Problem details: Which lines of the entries below hold the word "justify"? Report each of them.

Input data:
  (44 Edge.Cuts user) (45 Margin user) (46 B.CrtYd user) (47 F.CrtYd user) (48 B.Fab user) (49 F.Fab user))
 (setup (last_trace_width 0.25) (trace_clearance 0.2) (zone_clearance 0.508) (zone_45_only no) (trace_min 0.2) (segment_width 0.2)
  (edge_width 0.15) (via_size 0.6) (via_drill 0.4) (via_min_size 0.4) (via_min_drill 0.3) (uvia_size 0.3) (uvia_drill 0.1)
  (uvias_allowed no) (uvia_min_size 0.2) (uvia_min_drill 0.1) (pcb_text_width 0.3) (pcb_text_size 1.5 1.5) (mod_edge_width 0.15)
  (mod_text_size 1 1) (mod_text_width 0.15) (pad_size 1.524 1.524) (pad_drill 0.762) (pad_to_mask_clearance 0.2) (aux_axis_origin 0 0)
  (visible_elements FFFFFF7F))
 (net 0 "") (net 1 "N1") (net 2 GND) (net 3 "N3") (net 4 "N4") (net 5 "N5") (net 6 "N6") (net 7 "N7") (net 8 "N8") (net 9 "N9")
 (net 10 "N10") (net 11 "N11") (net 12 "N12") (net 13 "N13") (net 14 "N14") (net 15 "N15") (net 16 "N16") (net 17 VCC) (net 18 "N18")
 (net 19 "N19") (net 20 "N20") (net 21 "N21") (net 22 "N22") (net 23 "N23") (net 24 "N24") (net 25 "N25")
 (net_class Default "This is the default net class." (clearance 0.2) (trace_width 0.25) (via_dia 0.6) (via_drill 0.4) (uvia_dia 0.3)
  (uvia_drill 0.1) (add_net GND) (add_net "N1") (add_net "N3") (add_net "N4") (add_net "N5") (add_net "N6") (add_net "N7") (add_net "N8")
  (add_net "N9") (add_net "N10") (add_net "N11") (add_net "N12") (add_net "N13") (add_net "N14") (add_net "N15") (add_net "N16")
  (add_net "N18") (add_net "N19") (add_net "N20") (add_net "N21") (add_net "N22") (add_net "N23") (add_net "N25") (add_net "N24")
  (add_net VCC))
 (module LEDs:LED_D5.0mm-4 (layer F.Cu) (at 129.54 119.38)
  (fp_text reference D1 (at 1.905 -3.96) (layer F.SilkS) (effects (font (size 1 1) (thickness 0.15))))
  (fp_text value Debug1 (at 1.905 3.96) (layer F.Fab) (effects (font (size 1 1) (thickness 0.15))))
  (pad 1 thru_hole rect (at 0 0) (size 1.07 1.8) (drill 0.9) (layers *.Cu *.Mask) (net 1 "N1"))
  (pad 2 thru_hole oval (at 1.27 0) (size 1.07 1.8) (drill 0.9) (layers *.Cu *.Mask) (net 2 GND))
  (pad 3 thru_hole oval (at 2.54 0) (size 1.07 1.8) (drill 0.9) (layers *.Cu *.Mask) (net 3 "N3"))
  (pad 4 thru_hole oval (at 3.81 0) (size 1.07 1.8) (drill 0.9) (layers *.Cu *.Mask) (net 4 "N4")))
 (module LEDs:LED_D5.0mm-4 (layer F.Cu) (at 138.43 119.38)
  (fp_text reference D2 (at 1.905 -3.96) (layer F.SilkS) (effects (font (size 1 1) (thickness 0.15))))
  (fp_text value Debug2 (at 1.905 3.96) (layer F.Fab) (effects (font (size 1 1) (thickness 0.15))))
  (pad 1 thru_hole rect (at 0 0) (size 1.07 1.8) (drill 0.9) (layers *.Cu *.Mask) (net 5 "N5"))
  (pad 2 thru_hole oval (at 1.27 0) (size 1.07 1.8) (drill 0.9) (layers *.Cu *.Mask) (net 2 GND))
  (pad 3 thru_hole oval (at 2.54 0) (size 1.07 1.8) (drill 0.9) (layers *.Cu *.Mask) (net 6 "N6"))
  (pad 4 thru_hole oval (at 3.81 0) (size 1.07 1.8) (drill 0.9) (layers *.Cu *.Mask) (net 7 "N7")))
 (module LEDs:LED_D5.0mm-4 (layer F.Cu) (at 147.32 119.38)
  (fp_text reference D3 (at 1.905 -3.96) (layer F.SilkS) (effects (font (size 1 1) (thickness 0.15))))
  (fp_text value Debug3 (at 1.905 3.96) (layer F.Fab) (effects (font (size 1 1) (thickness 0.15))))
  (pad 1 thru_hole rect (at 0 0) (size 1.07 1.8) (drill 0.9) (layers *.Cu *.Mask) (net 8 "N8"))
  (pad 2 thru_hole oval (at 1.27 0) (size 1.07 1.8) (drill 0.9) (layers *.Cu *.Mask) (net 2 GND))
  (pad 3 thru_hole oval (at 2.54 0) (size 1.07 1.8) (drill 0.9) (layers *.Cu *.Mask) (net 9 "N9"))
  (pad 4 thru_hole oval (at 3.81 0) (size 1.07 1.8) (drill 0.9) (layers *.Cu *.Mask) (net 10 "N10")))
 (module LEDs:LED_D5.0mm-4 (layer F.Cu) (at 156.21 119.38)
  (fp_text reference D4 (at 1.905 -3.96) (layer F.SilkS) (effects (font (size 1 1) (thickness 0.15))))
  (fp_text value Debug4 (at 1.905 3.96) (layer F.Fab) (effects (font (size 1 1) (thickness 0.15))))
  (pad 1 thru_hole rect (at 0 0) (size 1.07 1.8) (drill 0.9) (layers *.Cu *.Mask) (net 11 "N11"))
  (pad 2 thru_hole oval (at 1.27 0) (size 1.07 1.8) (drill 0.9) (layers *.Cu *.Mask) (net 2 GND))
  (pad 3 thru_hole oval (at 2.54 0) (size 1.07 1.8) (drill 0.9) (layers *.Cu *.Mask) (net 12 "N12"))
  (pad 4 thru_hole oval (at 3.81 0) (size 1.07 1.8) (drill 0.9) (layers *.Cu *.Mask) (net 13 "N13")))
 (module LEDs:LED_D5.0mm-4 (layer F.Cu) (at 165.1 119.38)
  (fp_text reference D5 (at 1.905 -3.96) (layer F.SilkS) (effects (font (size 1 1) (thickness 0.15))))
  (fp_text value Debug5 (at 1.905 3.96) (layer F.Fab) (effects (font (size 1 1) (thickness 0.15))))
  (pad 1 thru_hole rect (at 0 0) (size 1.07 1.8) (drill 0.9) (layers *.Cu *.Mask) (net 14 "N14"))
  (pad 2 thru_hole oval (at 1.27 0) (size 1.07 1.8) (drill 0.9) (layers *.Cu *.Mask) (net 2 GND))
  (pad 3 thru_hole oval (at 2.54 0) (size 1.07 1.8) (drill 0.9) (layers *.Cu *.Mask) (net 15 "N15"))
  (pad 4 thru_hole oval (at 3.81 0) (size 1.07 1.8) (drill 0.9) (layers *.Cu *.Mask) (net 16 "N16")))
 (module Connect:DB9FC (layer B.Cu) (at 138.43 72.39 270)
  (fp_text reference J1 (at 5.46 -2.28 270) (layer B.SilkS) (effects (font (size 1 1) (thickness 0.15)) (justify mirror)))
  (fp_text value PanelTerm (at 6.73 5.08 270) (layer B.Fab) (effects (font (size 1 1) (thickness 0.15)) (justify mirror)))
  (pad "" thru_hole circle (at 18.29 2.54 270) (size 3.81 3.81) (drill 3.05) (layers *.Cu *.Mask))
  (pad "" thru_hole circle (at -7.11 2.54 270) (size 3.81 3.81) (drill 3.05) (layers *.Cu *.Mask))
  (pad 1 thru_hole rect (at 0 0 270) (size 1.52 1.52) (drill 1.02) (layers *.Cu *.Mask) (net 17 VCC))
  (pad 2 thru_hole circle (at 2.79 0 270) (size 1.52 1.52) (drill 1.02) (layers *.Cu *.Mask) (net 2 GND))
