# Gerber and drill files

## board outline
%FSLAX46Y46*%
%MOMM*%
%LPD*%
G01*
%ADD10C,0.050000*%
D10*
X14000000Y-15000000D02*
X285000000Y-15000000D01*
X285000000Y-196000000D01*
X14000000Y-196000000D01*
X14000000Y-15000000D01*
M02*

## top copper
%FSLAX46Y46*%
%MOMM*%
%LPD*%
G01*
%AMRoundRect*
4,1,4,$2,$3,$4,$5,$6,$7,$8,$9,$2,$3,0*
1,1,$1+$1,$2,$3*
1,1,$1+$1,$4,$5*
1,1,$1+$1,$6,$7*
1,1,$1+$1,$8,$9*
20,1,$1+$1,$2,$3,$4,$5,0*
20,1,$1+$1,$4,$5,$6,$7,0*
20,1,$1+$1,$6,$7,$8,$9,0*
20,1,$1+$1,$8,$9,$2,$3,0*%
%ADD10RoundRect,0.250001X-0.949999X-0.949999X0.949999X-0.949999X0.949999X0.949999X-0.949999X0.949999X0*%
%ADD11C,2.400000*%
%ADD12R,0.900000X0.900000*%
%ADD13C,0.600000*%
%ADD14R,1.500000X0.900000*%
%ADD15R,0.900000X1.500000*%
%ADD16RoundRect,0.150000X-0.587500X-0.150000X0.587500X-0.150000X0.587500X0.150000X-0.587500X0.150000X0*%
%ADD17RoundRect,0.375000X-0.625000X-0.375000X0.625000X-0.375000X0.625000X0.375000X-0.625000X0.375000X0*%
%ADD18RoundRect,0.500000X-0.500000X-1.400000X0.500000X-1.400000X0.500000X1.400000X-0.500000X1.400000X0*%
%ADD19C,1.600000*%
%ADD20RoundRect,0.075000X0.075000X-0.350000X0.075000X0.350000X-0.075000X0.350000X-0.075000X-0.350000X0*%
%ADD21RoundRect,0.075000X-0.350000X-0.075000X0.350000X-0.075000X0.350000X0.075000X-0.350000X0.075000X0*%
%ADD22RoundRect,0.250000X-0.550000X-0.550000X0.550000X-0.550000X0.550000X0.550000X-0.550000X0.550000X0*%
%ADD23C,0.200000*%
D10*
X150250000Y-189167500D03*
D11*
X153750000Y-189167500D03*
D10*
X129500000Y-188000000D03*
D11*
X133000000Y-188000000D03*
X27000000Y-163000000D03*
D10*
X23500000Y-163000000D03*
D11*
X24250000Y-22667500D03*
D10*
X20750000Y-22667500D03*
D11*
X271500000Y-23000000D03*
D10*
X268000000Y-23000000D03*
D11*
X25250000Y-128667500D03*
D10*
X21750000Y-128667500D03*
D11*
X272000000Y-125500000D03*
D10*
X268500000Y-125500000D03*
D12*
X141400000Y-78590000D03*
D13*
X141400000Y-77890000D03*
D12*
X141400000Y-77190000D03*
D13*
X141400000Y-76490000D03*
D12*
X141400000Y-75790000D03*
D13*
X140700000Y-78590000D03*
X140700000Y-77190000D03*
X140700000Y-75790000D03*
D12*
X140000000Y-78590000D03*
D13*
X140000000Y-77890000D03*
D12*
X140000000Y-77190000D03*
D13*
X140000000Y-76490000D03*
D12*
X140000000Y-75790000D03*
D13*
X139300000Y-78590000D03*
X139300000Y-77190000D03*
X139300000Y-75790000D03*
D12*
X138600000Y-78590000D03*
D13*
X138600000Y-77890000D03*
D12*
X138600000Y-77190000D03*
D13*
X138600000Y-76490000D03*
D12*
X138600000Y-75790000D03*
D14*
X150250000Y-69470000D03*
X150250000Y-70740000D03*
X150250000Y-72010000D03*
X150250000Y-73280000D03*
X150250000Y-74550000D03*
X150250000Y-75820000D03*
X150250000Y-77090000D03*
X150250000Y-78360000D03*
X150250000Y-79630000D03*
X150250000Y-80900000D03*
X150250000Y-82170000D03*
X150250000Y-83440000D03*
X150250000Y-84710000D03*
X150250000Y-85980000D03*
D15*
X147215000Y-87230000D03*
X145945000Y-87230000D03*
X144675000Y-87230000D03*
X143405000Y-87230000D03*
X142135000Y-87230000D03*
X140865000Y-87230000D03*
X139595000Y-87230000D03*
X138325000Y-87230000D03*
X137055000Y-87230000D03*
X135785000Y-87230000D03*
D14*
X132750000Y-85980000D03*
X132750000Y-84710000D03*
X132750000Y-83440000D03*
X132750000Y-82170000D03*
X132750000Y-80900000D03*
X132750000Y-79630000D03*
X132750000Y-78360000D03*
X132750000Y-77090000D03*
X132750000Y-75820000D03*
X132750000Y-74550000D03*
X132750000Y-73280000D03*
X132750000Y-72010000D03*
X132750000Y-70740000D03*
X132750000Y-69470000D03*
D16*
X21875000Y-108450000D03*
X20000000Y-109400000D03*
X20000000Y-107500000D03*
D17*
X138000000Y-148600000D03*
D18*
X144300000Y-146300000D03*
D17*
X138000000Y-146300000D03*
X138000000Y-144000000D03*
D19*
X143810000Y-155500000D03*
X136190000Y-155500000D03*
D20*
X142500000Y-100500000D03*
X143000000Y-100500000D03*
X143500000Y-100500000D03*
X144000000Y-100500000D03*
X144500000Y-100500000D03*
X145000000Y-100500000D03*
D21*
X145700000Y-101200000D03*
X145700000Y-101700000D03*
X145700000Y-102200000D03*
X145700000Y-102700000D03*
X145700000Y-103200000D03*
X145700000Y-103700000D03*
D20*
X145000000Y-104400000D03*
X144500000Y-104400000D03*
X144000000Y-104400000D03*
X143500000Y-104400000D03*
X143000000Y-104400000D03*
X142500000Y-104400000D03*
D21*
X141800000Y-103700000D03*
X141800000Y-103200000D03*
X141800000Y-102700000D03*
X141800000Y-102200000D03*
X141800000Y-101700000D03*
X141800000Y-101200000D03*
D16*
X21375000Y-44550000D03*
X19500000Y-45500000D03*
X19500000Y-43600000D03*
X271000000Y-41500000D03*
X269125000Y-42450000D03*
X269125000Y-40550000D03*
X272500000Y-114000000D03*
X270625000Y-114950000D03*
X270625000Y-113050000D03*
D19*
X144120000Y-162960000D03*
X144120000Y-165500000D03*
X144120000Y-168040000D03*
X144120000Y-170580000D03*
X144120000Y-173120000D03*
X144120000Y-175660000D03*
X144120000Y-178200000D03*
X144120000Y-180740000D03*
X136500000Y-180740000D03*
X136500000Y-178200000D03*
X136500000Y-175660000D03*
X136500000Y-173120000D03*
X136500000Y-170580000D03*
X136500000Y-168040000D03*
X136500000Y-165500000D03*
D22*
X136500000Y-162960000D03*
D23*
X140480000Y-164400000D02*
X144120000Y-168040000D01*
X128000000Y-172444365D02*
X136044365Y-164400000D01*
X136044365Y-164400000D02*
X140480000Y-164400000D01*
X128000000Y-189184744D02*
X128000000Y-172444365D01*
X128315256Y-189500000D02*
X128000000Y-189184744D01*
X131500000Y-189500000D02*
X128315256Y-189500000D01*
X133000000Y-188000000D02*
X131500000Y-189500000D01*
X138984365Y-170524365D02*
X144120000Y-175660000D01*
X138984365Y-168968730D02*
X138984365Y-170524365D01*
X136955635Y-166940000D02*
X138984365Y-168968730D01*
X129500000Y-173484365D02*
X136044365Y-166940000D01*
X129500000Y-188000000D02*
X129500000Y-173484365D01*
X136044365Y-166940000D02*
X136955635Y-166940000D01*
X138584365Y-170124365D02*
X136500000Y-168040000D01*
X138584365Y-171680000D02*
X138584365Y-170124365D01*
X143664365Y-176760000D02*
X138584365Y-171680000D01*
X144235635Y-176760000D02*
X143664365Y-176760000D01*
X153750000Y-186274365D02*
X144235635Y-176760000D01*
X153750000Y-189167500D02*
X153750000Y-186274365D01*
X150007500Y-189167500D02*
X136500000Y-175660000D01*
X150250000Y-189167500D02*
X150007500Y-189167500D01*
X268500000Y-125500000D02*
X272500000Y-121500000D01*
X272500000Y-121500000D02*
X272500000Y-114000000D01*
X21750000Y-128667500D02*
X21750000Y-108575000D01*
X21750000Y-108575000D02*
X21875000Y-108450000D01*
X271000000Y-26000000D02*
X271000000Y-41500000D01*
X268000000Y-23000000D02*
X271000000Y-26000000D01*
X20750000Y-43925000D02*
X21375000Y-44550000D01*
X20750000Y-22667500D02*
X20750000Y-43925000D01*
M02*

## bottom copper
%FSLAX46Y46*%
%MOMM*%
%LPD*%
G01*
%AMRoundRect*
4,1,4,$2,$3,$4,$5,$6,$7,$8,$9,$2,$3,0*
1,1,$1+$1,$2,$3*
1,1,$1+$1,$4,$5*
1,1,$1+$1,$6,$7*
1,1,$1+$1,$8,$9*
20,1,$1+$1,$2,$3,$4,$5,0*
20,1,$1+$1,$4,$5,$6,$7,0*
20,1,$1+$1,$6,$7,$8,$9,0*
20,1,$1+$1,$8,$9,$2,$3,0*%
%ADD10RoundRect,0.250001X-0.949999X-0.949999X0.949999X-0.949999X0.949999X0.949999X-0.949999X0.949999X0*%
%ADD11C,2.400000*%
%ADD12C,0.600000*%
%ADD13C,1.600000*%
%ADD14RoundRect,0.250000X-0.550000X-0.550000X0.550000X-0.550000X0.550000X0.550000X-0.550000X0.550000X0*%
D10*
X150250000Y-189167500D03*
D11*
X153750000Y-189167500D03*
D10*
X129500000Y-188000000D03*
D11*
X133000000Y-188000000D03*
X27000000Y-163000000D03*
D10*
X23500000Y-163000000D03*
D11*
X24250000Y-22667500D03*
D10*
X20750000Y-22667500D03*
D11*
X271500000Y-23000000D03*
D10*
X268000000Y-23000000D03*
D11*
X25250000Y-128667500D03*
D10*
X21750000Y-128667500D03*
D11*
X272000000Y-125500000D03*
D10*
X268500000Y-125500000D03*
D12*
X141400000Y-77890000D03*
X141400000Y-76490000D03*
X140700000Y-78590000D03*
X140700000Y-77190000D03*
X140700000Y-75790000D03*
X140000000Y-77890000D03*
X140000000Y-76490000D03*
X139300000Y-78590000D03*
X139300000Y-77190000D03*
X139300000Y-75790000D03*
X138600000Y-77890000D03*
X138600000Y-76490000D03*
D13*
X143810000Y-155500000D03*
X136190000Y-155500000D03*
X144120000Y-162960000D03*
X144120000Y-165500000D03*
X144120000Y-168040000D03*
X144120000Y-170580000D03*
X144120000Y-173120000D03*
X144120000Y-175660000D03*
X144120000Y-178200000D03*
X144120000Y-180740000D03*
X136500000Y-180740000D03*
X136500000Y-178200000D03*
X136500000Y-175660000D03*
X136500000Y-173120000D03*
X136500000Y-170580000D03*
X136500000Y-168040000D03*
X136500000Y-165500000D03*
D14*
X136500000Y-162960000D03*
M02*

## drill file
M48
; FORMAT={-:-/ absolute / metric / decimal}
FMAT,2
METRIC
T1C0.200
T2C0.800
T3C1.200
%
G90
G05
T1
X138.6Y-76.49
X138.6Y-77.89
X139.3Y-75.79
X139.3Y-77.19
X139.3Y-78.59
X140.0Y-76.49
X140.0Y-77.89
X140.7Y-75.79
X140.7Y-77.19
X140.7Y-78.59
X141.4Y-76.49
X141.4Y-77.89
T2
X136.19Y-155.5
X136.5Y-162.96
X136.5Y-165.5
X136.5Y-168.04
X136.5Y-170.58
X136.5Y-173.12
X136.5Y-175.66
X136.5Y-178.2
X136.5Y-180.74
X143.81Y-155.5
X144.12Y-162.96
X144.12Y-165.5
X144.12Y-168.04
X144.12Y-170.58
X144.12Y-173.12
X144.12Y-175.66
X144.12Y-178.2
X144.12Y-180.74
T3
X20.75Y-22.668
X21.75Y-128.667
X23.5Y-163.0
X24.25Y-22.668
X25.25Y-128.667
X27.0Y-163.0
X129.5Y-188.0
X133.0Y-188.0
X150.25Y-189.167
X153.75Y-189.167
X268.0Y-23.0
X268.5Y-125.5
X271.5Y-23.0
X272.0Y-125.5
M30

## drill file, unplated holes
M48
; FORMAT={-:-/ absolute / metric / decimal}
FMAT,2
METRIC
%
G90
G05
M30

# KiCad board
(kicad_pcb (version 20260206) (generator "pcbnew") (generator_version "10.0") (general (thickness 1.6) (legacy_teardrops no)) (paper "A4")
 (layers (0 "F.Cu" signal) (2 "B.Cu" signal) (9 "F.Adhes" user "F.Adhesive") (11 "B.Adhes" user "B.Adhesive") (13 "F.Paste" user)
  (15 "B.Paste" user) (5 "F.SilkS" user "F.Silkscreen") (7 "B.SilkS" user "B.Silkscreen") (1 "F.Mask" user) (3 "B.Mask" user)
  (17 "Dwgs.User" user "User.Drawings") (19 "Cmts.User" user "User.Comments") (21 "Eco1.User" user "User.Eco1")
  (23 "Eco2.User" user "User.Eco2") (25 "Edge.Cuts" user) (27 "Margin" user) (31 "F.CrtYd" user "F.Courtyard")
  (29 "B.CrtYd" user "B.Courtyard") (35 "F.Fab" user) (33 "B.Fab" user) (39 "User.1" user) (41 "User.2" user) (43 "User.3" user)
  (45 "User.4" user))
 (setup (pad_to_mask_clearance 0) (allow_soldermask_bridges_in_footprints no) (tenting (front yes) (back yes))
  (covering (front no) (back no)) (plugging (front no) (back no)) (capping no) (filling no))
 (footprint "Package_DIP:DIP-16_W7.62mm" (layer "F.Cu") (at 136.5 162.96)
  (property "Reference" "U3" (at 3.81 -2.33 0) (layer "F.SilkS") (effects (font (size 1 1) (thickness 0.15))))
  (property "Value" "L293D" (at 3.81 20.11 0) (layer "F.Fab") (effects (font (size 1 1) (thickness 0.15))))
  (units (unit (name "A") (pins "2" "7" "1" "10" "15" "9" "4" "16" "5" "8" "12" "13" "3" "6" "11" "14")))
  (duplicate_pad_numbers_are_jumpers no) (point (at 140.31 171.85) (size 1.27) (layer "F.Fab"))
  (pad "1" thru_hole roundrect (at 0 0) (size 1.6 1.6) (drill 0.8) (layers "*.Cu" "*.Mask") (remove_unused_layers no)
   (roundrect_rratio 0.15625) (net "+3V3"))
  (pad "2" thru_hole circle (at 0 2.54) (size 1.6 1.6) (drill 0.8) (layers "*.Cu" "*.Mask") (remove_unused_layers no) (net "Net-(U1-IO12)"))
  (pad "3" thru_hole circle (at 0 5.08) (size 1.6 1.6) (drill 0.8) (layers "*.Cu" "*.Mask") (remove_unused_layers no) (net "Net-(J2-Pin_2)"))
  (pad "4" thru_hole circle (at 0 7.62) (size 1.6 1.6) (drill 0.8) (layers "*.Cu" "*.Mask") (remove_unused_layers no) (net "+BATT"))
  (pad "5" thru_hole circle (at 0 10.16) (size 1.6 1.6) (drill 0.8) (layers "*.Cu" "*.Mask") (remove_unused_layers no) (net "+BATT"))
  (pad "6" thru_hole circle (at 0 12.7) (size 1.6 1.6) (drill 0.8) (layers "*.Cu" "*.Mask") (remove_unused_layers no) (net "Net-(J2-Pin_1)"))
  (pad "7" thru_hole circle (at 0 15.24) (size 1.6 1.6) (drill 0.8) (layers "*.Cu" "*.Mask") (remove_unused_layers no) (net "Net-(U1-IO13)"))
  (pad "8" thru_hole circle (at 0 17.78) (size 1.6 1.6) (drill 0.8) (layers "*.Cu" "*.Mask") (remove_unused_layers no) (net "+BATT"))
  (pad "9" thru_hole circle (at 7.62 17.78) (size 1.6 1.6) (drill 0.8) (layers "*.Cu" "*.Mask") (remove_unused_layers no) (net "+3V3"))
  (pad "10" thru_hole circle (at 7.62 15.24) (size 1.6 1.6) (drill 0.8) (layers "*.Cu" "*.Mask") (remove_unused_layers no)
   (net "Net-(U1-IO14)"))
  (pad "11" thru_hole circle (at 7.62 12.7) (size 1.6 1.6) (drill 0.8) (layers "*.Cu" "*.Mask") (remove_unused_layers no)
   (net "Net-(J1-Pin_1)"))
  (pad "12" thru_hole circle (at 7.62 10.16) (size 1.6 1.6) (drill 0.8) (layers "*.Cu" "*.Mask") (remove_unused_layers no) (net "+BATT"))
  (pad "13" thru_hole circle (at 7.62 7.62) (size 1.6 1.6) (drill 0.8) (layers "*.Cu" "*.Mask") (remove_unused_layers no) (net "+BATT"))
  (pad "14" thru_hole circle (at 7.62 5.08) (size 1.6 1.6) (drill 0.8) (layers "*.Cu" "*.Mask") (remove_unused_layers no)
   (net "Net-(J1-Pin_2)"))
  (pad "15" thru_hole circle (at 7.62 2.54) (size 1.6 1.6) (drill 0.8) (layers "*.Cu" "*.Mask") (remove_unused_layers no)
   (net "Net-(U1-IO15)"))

--

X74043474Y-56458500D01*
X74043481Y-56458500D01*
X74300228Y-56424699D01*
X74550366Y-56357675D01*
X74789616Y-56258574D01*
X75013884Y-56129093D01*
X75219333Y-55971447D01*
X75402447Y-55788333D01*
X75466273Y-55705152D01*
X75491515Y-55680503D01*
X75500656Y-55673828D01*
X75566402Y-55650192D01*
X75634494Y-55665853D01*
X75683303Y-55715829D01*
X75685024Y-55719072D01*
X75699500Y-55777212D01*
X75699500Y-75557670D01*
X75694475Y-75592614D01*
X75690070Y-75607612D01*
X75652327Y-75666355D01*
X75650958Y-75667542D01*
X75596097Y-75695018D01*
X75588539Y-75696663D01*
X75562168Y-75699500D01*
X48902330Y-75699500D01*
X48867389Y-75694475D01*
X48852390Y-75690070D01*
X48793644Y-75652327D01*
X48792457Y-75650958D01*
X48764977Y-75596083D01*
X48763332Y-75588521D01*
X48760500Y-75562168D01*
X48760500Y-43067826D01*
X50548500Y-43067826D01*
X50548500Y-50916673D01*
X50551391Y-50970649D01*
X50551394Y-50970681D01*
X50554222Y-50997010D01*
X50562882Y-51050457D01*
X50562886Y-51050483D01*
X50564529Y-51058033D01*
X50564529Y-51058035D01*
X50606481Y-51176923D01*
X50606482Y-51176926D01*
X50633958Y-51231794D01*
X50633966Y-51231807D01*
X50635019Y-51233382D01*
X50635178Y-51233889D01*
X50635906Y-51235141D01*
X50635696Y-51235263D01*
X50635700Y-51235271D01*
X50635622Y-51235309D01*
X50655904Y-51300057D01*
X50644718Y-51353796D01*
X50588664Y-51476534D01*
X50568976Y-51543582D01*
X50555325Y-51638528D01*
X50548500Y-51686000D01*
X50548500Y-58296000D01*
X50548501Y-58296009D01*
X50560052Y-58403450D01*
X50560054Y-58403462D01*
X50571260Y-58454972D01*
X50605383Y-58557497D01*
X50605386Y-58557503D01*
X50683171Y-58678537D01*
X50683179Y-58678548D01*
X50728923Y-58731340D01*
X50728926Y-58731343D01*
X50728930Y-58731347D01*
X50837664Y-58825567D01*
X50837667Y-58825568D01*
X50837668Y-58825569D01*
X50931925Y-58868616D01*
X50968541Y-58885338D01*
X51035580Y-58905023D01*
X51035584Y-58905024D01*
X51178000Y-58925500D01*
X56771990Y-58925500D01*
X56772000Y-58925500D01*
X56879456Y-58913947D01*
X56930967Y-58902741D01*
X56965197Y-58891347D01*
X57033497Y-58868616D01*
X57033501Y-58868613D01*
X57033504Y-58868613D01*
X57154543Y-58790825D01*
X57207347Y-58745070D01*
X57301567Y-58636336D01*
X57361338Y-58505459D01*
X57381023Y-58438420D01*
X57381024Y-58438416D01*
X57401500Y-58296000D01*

Written solution:
  (fp_text reference J1 (at 5.46 -2.28 270) (layer B.SilkS) (effects (font (size 1 1) (thickness 0.15)) (justify mirror)))
  (fp_text value PanelTerm (at 6.73 5.08 270) (layer B.Fab) (effects (font (size 1 1) (thickness 0.15)) (justify mirror)))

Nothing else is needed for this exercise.